Belgrade has obviously managed to buy time. This gives the sense to gatherings and rallies of support organised by the regime: both in strengthening negotiating positions and the beginning of the election campaign. It was not by mere chance that the Radicals recently observed that state television failed to broadcast the report from one of their gatherings "attended even by ministers", but carried all the others at which the Socialists and Leftists of the lower rank competed in patriotism.
However, the Americans and their western allies are not sitting on their hands either. If it is impossible to successfully exert pressure on Milosevic in Kosovo and concerning Kosovo, there are issues where it is possible. Developments in Bosnian Serb Republic (Republika Srpska) on 5 March unfolded like in CNN short news: High Representative of the international community for Bosnia & Herzegovina Carlos Westendorp first relieved president of RS Radical Nikola Poplasen of duty, as stated for "abusing power, disregarding the will of the people, causing lasting instability..."; head arbitre for Brcko Roberts Owen proclaimed Brcko a self-administered and neutral district under international supervision; prime minister of RS Milorad Dodik, who Poplasen was unsuccessfully trying to remove from office ever since he had been elected, submitted his resignation because of the decision of the arbitration on Brcko; president of the three-member presidency of B&H, Socialist Zivko Radisic, decided not to perform his duties because of that... In the context of all that, it is now clear that by disarming the 311th brigade of the Army of Republika Srpska by SFOR NATO has ensured itself of every possible danger, because nobody can say that there have been just few threats from this side of the Drina, even if only Seselj's are taken into account.
How interconnected all this is, it is hard to tell with certainty, but it is almost certain that the diplomatic space of official Belgrade, which has gradually narrowed down every year, is now approaching its extreme limits. If all the former campaigns against the global "anti-Serb" conspiracy are compared, one could say that the never officially admitted anti-Americanism and generally anti-Western disposition have never reached such proportions. Some see in this resoluteness of Milosevic himself to go to the very end in his inflexibility even if it means air strikes; others however point out that after escalation of the conflict in Kosovo, Washington proclaimed him the main initiator of all crises in the region and now claim that in the background of his actions is his intention to make a bargain again "by force of muscles", in other words to become again the "main factor of peace and stability". After the debacle in Rambouillet and of the American initiative with Kosovo Albanians, arrival of the expert for bargaining with Milosevic - Richard Holbrooke - has been announced.
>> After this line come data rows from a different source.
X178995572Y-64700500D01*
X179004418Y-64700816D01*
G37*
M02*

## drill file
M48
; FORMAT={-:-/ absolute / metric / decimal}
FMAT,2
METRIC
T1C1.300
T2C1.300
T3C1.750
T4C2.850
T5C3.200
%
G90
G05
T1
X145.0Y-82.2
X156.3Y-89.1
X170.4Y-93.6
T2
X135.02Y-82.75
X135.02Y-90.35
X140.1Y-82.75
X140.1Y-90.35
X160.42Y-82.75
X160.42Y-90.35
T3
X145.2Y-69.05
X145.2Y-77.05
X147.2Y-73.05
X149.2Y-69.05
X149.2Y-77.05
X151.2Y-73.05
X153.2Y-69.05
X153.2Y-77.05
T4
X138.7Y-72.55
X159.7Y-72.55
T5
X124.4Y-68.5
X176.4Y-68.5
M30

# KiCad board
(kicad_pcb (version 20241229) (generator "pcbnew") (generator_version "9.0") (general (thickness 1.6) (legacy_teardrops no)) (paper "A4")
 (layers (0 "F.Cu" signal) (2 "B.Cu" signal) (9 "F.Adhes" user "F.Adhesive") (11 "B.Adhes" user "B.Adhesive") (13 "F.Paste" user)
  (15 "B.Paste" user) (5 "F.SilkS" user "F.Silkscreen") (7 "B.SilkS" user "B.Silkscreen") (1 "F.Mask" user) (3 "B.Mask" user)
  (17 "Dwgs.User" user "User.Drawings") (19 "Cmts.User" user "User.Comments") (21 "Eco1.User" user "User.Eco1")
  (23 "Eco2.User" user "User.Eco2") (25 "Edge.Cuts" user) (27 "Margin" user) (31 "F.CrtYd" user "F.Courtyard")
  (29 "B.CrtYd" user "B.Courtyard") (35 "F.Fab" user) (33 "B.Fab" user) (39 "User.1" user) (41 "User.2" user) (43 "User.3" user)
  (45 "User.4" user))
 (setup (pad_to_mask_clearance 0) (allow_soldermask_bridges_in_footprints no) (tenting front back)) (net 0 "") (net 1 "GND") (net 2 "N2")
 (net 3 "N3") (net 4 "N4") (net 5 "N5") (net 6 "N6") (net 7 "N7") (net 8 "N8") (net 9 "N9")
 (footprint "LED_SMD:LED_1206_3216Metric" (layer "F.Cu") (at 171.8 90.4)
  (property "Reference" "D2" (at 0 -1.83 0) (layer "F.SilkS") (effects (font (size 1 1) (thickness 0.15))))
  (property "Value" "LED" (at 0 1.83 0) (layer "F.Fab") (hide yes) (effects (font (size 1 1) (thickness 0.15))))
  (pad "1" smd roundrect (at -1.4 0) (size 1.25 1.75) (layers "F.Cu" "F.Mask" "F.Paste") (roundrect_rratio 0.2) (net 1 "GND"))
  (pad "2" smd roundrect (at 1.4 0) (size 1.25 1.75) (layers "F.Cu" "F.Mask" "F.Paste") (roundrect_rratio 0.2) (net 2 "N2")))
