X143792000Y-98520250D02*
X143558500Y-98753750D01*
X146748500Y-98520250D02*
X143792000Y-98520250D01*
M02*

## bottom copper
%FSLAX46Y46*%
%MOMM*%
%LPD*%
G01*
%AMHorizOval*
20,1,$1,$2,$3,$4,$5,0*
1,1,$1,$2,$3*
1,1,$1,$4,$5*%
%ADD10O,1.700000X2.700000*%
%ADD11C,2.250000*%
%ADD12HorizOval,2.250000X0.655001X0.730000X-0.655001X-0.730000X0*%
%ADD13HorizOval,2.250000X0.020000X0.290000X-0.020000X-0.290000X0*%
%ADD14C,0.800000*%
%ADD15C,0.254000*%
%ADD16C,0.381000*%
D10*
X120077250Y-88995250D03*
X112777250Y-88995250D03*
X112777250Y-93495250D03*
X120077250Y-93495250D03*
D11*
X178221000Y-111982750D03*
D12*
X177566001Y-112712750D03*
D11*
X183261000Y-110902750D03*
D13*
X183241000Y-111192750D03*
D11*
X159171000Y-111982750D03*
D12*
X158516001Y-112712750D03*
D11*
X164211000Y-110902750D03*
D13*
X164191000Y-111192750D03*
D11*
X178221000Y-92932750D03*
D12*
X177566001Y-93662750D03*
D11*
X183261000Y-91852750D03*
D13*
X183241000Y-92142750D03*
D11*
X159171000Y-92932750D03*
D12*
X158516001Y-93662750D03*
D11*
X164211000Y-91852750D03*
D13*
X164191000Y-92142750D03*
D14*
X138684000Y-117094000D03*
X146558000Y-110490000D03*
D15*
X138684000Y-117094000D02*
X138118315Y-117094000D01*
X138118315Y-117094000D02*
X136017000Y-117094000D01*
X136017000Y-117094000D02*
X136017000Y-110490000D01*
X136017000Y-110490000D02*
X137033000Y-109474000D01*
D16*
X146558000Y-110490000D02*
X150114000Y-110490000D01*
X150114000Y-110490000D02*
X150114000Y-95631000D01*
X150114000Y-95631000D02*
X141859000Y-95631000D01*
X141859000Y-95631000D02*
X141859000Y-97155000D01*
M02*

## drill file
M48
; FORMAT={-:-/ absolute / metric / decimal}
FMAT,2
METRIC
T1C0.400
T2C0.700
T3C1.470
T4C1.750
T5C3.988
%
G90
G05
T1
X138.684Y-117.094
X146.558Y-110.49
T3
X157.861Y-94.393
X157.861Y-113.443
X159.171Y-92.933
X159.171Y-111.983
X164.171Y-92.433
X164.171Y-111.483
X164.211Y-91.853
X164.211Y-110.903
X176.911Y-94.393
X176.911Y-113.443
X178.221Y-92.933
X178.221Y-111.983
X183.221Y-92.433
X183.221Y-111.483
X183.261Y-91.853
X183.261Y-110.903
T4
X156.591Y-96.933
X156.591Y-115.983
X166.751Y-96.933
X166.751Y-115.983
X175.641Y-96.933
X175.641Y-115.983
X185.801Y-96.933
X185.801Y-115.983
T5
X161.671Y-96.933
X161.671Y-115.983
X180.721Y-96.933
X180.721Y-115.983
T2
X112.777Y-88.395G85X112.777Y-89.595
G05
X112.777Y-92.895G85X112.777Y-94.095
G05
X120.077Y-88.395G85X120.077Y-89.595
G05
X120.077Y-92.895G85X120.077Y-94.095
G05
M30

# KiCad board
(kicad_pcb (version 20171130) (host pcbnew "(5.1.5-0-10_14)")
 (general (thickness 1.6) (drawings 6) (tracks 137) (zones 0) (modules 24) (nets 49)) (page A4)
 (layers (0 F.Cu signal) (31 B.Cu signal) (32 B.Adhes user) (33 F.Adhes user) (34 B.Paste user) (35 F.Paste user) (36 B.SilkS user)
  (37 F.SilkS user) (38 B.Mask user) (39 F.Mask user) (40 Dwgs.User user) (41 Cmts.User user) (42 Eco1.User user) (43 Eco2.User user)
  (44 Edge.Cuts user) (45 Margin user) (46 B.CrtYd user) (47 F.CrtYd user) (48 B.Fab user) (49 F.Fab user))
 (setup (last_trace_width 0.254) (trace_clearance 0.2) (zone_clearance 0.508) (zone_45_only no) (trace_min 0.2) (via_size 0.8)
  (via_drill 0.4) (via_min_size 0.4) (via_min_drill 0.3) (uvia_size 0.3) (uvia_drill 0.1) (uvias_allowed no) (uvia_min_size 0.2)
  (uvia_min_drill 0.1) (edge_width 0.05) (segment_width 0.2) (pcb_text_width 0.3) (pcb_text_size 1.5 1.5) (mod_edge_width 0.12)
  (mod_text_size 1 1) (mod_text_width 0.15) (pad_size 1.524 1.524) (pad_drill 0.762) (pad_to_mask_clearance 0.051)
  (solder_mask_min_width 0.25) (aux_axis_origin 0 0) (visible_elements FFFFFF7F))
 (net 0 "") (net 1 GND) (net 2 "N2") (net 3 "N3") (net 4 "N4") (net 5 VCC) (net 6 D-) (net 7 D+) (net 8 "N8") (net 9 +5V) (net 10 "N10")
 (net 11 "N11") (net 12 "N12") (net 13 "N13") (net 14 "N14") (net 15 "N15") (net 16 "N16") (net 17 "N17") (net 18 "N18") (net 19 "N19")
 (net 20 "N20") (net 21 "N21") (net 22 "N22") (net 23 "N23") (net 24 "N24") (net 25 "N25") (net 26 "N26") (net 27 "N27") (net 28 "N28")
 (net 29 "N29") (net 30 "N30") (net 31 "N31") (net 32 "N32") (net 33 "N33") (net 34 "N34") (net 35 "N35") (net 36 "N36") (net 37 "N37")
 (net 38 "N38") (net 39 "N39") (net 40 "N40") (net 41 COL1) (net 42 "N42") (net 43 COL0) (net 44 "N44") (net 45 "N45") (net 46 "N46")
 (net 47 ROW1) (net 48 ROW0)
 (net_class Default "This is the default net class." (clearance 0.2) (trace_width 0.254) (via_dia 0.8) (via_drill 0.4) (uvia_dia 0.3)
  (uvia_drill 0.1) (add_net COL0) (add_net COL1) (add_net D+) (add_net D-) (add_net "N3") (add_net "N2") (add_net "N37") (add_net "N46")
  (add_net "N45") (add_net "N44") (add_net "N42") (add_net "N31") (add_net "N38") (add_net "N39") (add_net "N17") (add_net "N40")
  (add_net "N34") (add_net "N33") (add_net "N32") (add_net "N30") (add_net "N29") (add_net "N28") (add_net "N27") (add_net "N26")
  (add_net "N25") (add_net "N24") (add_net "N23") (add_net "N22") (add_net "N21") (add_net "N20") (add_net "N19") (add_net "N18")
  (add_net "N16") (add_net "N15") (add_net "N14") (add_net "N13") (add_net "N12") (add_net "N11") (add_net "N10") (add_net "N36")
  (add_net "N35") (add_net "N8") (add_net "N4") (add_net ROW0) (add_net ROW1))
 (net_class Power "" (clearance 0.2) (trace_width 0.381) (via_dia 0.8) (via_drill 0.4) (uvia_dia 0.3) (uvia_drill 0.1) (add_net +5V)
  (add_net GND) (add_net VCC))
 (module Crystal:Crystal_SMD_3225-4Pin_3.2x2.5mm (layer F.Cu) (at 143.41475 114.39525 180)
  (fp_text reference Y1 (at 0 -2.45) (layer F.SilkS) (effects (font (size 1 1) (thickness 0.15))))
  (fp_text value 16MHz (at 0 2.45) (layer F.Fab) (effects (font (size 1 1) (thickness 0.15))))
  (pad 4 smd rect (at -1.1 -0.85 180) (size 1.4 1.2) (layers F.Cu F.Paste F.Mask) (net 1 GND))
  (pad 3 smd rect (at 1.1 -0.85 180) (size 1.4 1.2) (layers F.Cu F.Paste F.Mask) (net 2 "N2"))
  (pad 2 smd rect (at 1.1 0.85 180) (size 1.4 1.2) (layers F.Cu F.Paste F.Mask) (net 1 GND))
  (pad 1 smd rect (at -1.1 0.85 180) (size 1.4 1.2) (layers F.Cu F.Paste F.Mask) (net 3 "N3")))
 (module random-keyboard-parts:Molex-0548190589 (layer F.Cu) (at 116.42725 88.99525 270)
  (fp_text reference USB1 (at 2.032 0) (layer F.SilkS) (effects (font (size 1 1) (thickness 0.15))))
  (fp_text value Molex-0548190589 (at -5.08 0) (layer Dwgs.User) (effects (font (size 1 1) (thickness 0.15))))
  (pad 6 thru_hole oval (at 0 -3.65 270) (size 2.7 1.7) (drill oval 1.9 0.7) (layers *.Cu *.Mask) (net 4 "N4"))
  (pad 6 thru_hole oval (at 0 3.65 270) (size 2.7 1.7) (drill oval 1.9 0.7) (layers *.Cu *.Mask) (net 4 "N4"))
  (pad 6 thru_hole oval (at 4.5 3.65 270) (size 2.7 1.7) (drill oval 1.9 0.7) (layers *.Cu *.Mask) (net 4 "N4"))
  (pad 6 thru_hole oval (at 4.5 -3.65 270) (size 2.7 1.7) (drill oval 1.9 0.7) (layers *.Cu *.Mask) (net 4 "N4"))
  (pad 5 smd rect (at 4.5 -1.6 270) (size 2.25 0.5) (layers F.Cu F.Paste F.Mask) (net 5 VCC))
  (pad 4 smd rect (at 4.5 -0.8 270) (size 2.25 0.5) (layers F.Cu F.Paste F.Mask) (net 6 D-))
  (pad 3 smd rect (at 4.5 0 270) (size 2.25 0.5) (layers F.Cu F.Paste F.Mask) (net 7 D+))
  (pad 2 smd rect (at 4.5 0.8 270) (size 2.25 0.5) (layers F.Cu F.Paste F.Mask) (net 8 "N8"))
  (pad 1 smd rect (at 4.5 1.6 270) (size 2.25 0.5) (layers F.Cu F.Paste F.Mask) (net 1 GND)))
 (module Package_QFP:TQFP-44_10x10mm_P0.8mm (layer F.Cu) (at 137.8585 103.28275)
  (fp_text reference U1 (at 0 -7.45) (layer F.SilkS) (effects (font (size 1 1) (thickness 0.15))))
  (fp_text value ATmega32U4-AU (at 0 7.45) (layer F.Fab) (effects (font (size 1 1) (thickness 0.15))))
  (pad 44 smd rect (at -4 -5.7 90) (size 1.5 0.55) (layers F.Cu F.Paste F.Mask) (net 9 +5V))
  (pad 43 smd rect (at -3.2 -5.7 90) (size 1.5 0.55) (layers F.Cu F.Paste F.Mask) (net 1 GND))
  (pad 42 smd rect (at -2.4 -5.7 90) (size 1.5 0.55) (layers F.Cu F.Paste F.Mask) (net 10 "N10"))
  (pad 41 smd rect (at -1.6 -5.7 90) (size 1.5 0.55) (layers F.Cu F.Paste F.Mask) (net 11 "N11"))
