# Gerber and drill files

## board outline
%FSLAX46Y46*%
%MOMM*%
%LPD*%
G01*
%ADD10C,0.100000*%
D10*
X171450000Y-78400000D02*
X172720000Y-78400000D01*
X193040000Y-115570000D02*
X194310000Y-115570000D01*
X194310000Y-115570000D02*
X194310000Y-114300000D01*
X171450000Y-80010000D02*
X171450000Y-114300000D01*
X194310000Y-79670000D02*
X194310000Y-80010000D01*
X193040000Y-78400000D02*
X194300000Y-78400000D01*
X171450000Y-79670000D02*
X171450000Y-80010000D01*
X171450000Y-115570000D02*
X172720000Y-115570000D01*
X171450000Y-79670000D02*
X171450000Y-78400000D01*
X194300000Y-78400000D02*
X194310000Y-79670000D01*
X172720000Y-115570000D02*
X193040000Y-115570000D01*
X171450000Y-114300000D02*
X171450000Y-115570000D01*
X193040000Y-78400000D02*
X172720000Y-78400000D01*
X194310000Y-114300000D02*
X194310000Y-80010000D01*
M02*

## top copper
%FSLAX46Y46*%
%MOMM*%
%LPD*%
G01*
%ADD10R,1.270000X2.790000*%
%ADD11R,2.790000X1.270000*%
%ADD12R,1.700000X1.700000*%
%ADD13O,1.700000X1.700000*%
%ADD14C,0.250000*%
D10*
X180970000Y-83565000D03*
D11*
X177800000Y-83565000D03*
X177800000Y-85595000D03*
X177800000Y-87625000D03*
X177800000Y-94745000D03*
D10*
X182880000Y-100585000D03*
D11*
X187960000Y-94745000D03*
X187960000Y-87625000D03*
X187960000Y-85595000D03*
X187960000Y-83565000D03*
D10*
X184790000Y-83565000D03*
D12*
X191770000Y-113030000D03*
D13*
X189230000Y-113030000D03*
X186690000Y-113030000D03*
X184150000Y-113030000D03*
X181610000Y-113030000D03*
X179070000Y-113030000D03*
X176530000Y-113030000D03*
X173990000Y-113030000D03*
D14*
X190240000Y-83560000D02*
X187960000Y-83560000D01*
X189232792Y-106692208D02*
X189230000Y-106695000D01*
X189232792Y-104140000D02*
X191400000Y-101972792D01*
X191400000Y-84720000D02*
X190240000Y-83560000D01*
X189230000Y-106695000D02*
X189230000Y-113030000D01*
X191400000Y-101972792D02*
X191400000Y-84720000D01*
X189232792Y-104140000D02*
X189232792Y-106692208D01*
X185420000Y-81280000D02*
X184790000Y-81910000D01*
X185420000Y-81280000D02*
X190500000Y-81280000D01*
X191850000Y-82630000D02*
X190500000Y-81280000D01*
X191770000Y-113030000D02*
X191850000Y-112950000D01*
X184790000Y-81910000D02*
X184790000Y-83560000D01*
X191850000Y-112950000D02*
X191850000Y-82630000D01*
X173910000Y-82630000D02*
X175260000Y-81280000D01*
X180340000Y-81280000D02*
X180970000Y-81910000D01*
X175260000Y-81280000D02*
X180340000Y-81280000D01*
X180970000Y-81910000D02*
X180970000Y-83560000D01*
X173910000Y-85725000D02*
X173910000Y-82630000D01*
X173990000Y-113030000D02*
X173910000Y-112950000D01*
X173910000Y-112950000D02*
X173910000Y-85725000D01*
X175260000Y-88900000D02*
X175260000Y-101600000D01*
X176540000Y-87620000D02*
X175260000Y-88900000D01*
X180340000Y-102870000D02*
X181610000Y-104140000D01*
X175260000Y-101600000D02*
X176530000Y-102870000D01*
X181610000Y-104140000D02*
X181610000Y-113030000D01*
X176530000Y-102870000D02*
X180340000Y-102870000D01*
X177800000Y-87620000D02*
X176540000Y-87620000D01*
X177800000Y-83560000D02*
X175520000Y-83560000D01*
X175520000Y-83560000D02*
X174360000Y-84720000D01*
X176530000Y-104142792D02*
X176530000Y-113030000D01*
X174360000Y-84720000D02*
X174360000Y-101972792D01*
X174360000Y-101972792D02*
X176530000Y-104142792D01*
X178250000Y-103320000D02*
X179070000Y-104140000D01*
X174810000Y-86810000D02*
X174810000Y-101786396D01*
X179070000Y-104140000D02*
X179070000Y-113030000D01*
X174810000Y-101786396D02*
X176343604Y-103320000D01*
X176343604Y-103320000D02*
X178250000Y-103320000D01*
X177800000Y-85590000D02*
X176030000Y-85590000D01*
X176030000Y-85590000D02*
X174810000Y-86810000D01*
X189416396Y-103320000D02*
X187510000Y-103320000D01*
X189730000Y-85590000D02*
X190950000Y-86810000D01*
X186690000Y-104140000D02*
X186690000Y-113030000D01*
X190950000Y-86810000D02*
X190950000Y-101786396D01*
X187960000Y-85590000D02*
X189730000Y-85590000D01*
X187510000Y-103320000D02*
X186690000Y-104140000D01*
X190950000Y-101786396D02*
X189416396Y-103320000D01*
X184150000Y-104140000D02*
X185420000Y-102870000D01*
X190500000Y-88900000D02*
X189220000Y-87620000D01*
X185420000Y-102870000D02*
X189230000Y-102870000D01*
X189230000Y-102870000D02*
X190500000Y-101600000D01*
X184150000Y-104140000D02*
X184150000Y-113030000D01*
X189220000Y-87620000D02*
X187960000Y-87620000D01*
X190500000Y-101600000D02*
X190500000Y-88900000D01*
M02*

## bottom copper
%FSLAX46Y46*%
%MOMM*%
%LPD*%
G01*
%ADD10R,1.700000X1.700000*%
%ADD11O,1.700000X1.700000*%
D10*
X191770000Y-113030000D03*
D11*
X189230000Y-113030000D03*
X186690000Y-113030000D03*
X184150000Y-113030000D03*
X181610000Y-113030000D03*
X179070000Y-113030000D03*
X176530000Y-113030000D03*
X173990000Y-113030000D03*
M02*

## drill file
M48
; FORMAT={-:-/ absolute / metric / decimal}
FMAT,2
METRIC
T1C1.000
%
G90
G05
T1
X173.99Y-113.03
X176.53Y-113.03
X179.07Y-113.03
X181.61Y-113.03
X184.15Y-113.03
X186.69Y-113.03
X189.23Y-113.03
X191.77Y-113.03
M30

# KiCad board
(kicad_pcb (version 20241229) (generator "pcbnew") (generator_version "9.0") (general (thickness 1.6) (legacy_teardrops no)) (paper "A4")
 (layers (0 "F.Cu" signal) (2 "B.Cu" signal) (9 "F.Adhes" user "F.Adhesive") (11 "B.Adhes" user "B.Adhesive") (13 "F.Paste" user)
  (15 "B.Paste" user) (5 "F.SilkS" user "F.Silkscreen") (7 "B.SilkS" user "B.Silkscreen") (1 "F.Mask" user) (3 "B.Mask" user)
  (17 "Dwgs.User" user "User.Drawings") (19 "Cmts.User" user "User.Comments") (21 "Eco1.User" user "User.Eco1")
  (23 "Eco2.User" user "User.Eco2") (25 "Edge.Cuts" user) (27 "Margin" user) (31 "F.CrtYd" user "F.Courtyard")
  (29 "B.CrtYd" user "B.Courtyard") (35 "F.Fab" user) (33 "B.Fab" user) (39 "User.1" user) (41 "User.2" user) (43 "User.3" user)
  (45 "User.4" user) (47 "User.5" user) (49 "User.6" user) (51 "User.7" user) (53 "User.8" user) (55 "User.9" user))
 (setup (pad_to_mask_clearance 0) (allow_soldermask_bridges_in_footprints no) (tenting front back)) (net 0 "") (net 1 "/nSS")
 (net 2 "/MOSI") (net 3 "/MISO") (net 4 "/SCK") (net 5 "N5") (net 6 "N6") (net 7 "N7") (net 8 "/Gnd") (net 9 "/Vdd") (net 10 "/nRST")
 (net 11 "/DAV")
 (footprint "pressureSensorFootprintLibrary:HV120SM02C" (layer "F.Cu") (at 182.88 92.075 90)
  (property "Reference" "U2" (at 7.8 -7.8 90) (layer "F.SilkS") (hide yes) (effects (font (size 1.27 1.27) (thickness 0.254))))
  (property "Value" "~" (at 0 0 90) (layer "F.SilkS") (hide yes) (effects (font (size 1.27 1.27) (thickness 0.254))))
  (pad "1" smd rect (at 8.51 -1.91 180) (size 1.27 2.79) (layers "F.Cu" "F.Mask" "F.Paste") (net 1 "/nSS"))
  (pad "2" smd rect (at 8.51 -5.08 90) (size 1.27 2.79) (layers "F.Cu" "F.Mask" "F.Paste") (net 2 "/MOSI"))
  (pad "3" smd rect (at 6.48 -5.08 90) (size 1.27 2.79) (layers "F.Cu" "F.Mask" "F.Paste") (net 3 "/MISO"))
  (pad "4" smd rect (at 4.45 -5.08 90) (size 1.27 2.79) (layers "F.Cu" "F.Mask" "F.Paste") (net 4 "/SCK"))
  (pad "5" smd rect (at -2.67 -5.08 90) (size 1.27 2.79) (layers "F.Cu" "F.Mask" "F.Paste") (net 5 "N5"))
  (pad "6" smd rect (at -8.51 0 180) (size 1.27 2.79) (layers "F.Cu" "F.Mask" "F.Paste") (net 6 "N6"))
  (pad "7" smd rect (at -2.67 5.08 90) (size 1.27 2.79) (layers "F.Cu" "F.Mask" "F.Paste") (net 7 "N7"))
  (pad "8" smd rect (at 4.45 5.08 90) (size 1.27 2.79) (layers "F.Cu" "F.Mask" "F.Paste") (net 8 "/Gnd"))
  (pad "9" smd rect (at 6.48 5.08 90) (size 1.27 2.79) (layers "F.Cu" "F.Mask" "F.Paste") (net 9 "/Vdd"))
  (pad "10" smd rect (at 8.51 5.08 90) (size 1.27 2.79) (layers "F.Cu" "F.Mask" "F.Paste") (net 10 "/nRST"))
  (pad "11" smd rect (at 8.51 1.91 180) (size 1.27 2.79) (layers "F.Cu" "F.Mask" "F.Paste") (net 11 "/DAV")))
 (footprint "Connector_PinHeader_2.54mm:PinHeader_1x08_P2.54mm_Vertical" (layer "B.Cu") (at 191.77 113.03 90)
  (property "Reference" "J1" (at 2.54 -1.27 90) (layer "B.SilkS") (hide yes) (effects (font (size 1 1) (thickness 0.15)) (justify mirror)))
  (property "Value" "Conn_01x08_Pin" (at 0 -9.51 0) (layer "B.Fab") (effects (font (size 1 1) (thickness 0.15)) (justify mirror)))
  (pad "1" thru_hole rect (at 0 0 90) (size 1.7 1.7) (drill 1) (layers "*.Cu" "*.Mask") (remove_unused_layers no) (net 11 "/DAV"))
  (pad "2" thru_hole oval (at 0 -2.54 90) (size 1.7 1.7) (drill 1) (layers "*.Cu" "*.Mask") (remove_unused_layers no) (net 10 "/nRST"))
  (pad "3" thru_hole oval (at 0 -5.08 90) (size 1.7 1.7) (drill 1) (layers "*.Cu" "*.Mask") (remove_unused_layers no) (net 9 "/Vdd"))
  (pad "4" thru_hole oval (at 0 -7.62 90) (size 1.7 1.7) (drill 1) (layers "*.Cu" "*.Mask") (remove_unused_layers no) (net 8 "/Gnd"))
  (pad "5" thru_hole oval (at 0 -10.16 90) (size 1.7 1.7) (drill 1) (layers "*.Cu" "*.Mask") (remove_unused_layers no) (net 4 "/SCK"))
One thing is certain. In the past decade, this regime has provoked so much international odium that there will be no lack of pressure, blackmail and ultimatums, but also ears that will be deaf even for stands about which he is perfectly right. Milosevic has indeed ruined everything he and his closest followers have touched, so such an outcome is inevitable. The only thing official Belgrade can rely on are differences among great powers, that is the only thing he can gain from. History teaches us, however, that nobody fared well with such calculus.